With the advancement of technology, the way in which we access and share music has changed as much as the techniques used to compose it. The ceremony of buying a record, removing it from its sleeve, placing it on the record player and carefully positioning the needle is vanishing from our cultural memory. Instead, the effortless, digital process affords instant, carefree satisfaction that extends into a certain cursory attitude towards music; any type of music can now belong in almost any area of human activity, it is not a remarkable sonic experience. While music has reached a peak in accessibility with Youtube, Spotify and Lastfm available at the click of a mouse, the real deal has become less accessible, as live performance remains an expensive and elitist venture, calling for the recent trend seen with NONCLASSICAL, Bold Tendencies and Vocal Futures.
Despite her enormous success with a sell-out in Peckham, Kate asserts that ‘to make long term changes, music education in state schools really needs to change. That real change will have to come from younger generations of players and composers, rather than from institutionalised outreach projects.’ While organisations such as the National Youth Theatre, Choir and Orchestra are providing experiences which are becoming increasingly unavailable in state schools, the groups remain dominated by privately educated students.
In August, David Cameron turned to the former chief of the Los Angeles Police Department for strategies to deal with Britain’s disaffected youth: what he should have done is ventured further south. Venezuela’s extraordinary El Sistema project is a publicly financed voluntary sector music education programme which offers a more positive and long term solution to Cameron’s problems.
Responsible for enabling 250,000 children to attend its music schools, with an overwhelming 90 percent from poorer socioeconomic backgrounds, El Sistema employs music as the great leveller, alleviating social inequalities via the democratic nature of the symphony orchestra. This ‘old-fashioned’ practical approach to music-making is unique in its ability in encouraging self-expression and collaboration amongst young people, in a way that contemporary technological approaches to music making, which tend to be more solitary in their process, cannot. It seems acutely obvious to me that this is where the future of classical music belongs – where it is so desperately needed.

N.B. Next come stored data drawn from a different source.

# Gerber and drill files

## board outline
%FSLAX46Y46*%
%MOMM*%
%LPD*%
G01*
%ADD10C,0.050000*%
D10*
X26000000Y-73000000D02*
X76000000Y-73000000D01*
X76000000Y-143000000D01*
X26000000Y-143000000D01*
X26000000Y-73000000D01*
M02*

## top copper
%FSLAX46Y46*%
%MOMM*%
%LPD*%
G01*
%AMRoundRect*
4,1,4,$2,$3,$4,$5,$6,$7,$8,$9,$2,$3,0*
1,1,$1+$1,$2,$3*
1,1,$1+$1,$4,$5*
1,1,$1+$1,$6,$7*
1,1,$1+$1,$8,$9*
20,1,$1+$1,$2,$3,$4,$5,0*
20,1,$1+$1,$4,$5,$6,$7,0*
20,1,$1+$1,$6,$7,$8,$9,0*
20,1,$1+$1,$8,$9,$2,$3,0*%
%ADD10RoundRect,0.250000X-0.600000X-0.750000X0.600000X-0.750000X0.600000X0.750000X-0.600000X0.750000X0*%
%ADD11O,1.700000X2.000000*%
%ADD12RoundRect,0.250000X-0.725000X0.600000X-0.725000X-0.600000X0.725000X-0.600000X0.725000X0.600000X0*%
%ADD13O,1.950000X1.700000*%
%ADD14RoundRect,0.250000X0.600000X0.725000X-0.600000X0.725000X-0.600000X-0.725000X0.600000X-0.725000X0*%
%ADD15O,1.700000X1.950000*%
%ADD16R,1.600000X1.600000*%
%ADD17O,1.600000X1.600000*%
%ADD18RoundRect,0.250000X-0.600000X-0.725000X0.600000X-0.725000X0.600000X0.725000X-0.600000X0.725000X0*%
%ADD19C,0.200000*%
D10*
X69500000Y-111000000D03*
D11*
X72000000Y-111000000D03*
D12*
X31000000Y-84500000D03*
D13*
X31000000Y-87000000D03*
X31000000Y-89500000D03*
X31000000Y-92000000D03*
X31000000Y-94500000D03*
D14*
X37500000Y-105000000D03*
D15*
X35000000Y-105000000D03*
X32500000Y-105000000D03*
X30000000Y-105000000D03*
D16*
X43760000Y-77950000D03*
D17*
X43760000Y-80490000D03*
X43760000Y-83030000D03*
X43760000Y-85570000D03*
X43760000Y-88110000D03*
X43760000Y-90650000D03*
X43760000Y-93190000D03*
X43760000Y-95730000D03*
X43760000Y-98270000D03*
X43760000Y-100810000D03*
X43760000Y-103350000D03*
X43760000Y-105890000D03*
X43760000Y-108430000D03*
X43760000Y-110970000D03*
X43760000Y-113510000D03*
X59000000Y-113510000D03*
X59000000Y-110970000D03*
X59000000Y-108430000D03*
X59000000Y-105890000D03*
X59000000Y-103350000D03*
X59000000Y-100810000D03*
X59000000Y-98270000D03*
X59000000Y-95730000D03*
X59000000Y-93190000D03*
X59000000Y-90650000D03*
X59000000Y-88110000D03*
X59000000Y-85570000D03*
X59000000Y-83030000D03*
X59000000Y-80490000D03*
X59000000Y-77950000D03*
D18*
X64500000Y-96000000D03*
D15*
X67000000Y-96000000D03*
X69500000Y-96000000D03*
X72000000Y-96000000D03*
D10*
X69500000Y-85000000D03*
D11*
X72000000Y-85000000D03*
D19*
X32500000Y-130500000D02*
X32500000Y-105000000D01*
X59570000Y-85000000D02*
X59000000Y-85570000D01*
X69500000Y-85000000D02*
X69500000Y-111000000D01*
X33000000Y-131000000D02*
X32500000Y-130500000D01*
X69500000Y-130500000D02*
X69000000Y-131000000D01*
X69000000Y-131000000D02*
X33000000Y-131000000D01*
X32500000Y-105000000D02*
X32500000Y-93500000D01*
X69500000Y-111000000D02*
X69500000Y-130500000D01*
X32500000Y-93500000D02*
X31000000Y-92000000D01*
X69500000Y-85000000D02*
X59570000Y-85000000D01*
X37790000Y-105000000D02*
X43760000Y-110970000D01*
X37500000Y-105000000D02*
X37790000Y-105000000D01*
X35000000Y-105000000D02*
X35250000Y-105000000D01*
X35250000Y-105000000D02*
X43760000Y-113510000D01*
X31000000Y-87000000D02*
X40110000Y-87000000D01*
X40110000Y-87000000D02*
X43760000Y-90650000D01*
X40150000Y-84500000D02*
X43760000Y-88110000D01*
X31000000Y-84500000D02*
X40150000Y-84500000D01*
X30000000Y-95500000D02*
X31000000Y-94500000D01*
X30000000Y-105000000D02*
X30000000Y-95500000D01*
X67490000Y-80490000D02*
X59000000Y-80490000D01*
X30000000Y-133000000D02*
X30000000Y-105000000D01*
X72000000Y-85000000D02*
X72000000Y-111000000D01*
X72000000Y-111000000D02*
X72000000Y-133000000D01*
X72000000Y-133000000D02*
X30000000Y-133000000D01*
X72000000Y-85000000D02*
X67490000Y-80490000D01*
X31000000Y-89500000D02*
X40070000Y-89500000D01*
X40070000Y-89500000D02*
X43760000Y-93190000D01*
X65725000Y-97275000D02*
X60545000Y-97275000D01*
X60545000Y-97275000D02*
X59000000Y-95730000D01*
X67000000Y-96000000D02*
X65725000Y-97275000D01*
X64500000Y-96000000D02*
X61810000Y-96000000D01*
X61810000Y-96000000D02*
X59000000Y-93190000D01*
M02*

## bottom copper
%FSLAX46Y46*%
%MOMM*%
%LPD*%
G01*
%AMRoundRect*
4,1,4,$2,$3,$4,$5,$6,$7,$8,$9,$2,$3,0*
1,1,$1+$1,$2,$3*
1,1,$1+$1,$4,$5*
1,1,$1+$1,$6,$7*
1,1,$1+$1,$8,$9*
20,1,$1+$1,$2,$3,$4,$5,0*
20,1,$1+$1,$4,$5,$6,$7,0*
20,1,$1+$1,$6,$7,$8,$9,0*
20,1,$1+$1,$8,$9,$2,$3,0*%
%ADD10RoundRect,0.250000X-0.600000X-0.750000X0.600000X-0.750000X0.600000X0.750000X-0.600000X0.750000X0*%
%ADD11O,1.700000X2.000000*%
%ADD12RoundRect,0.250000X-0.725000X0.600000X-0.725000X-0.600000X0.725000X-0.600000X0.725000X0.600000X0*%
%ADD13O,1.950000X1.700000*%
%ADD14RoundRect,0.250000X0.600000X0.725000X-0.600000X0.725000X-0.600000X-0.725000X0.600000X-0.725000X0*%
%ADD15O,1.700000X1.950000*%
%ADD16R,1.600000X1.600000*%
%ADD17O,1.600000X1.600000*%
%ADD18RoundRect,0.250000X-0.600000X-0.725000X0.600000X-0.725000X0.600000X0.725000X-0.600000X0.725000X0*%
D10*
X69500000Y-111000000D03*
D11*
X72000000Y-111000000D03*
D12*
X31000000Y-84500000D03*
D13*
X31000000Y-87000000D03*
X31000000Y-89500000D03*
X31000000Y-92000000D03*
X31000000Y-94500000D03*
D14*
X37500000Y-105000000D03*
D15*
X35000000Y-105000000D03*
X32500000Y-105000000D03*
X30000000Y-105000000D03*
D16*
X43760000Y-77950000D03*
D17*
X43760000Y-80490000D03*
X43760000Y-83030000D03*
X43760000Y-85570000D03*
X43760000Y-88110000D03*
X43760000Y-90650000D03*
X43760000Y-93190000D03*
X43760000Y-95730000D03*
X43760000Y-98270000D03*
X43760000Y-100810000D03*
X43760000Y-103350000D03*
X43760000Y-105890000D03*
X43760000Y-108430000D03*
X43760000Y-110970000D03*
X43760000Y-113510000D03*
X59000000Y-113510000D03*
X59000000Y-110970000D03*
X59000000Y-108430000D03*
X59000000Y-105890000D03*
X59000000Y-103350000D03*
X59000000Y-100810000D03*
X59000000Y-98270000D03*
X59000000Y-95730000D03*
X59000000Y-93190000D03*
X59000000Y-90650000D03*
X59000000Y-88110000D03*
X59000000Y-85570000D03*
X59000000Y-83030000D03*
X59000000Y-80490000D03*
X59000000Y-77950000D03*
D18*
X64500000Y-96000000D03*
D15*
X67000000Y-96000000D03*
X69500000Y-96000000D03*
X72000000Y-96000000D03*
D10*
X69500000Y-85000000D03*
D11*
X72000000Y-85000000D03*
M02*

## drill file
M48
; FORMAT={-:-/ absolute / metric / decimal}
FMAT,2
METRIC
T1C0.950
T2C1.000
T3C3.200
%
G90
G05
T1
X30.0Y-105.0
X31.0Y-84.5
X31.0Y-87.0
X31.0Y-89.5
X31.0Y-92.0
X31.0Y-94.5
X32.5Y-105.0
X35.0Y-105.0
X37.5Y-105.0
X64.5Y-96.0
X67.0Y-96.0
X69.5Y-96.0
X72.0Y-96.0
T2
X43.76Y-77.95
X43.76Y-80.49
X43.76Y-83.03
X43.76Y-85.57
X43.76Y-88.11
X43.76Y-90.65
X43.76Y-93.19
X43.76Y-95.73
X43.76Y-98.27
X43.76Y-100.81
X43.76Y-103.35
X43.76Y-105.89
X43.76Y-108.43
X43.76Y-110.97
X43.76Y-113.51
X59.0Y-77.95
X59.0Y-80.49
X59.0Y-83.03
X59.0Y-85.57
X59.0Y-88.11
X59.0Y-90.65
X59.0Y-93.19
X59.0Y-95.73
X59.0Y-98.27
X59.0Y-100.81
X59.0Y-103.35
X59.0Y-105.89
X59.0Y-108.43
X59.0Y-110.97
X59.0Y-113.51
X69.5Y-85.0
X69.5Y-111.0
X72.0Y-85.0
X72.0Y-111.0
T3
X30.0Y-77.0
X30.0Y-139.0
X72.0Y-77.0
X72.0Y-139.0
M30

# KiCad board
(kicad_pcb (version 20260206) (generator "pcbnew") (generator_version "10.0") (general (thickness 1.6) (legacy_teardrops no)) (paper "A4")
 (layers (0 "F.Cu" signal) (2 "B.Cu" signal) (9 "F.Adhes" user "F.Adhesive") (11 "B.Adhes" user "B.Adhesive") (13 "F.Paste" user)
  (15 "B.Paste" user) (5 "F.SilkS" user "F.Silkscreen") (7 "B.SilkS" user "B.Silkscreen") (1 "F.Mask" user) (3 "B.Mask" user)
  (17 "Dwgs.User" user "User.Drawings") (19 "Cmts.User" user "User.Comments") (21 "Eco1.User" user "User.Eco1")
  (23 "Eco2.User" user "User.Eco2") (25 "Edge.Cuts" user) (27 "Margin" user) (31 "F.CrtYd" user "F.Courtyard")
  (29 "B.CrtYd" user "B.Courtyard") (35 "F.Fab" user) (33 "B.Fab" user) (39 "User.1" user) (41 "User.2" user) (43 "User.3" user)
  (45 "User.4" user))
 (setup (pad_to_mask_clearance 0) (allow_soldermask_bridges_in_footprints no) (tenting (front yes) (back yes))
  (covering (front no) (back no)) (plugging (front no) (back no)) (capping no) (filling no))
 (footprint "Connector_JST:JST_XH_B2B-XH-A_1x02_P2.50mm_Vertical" (layer "F.Cu") (at 69.5 111)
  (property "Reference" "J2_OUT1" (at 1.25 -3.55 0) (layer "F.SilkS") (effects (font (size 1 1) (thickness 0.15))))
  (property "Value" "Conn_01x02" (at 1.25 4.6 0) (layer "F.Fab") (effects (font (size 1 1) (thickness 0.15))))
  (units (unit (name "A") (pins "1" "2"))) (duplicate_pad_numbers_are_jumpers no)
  (pad "1" thru_hole roundrect (at 0 0) (size 1.7 2) (drill 1) (layers "*.Cu" "*.Mask") (remove_unused_layers no)
   (roundrect_rratio 0.147059) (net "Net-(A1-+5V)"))
  (pad "2" thru_hole oval (at 2.5 0) (size 1.7 2) (drill 1) (layers "*.Cu" "*.Mask") (remove_unused_layers no) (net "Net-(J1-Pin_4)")))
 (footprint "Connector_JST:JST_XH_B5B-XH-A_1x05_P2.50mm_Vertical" (layer "F.Cu") (at 31 84.5 -90)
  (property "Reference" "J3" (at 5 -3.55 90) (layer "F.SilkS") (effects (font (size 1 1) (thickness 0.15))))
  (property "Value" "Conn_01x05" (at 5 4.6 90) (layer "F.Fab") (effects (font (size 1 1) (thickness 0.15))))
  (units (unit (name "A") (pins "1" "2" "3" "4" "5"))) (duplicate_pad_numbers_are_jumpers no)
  (pad "1" thru_hole roundrect (at 0 0 270) (size 1.7 1.95) (drill 0.95) (layers "*.Cu" "*.Mask") (remove_unused_layers no)
   (roundrect_rratio 0.147059) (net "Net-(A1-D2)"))
  (pad "2" thru_hole oval (at 2.5 0 270) (size 1.7 1.95) (drill 0.95) (layers "*.Cu" "*.Mask") (remove_unused_layers no) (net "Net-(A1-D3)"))
  (pad "3" thru_hole oval (at 5 0 270) (size 1.7 1.95) (drill 0.95) (layers "*.Cu" "*.Mask") (remove_unused_layers no) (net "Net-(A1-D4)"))
  (pad "4" thru_hole oval (at 7.5 0 270) (size 1.7 1.95) (drill 0.95) (layers "*.Cu" "*.Mask") (remove_unused_layers no)
   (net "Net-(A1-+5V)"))
  (pad "5" thru_hole oval (at 10 0 270) (size 1.7 1.95) (drill 0.95) (layers "*.Cu" "*.Mask") (remove_unused_layers no)
   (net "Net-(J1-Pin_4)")))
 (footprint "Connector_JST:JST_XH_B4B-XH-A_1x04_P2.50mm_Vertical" (layer "F.Cu") (at 37.5 105 180)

But for now, will technology save itself from itself? Is it possible that events advertised on social networking sites will have the power to inject some energy into our iTuned attitudes towards music, whether in government cuts or trends in concert going? Surely if we can coordinate riots up and down the country, the promotion of live performance should be almost as easy as, say, impulsively looting amid the furore of public disorder? We’ll see.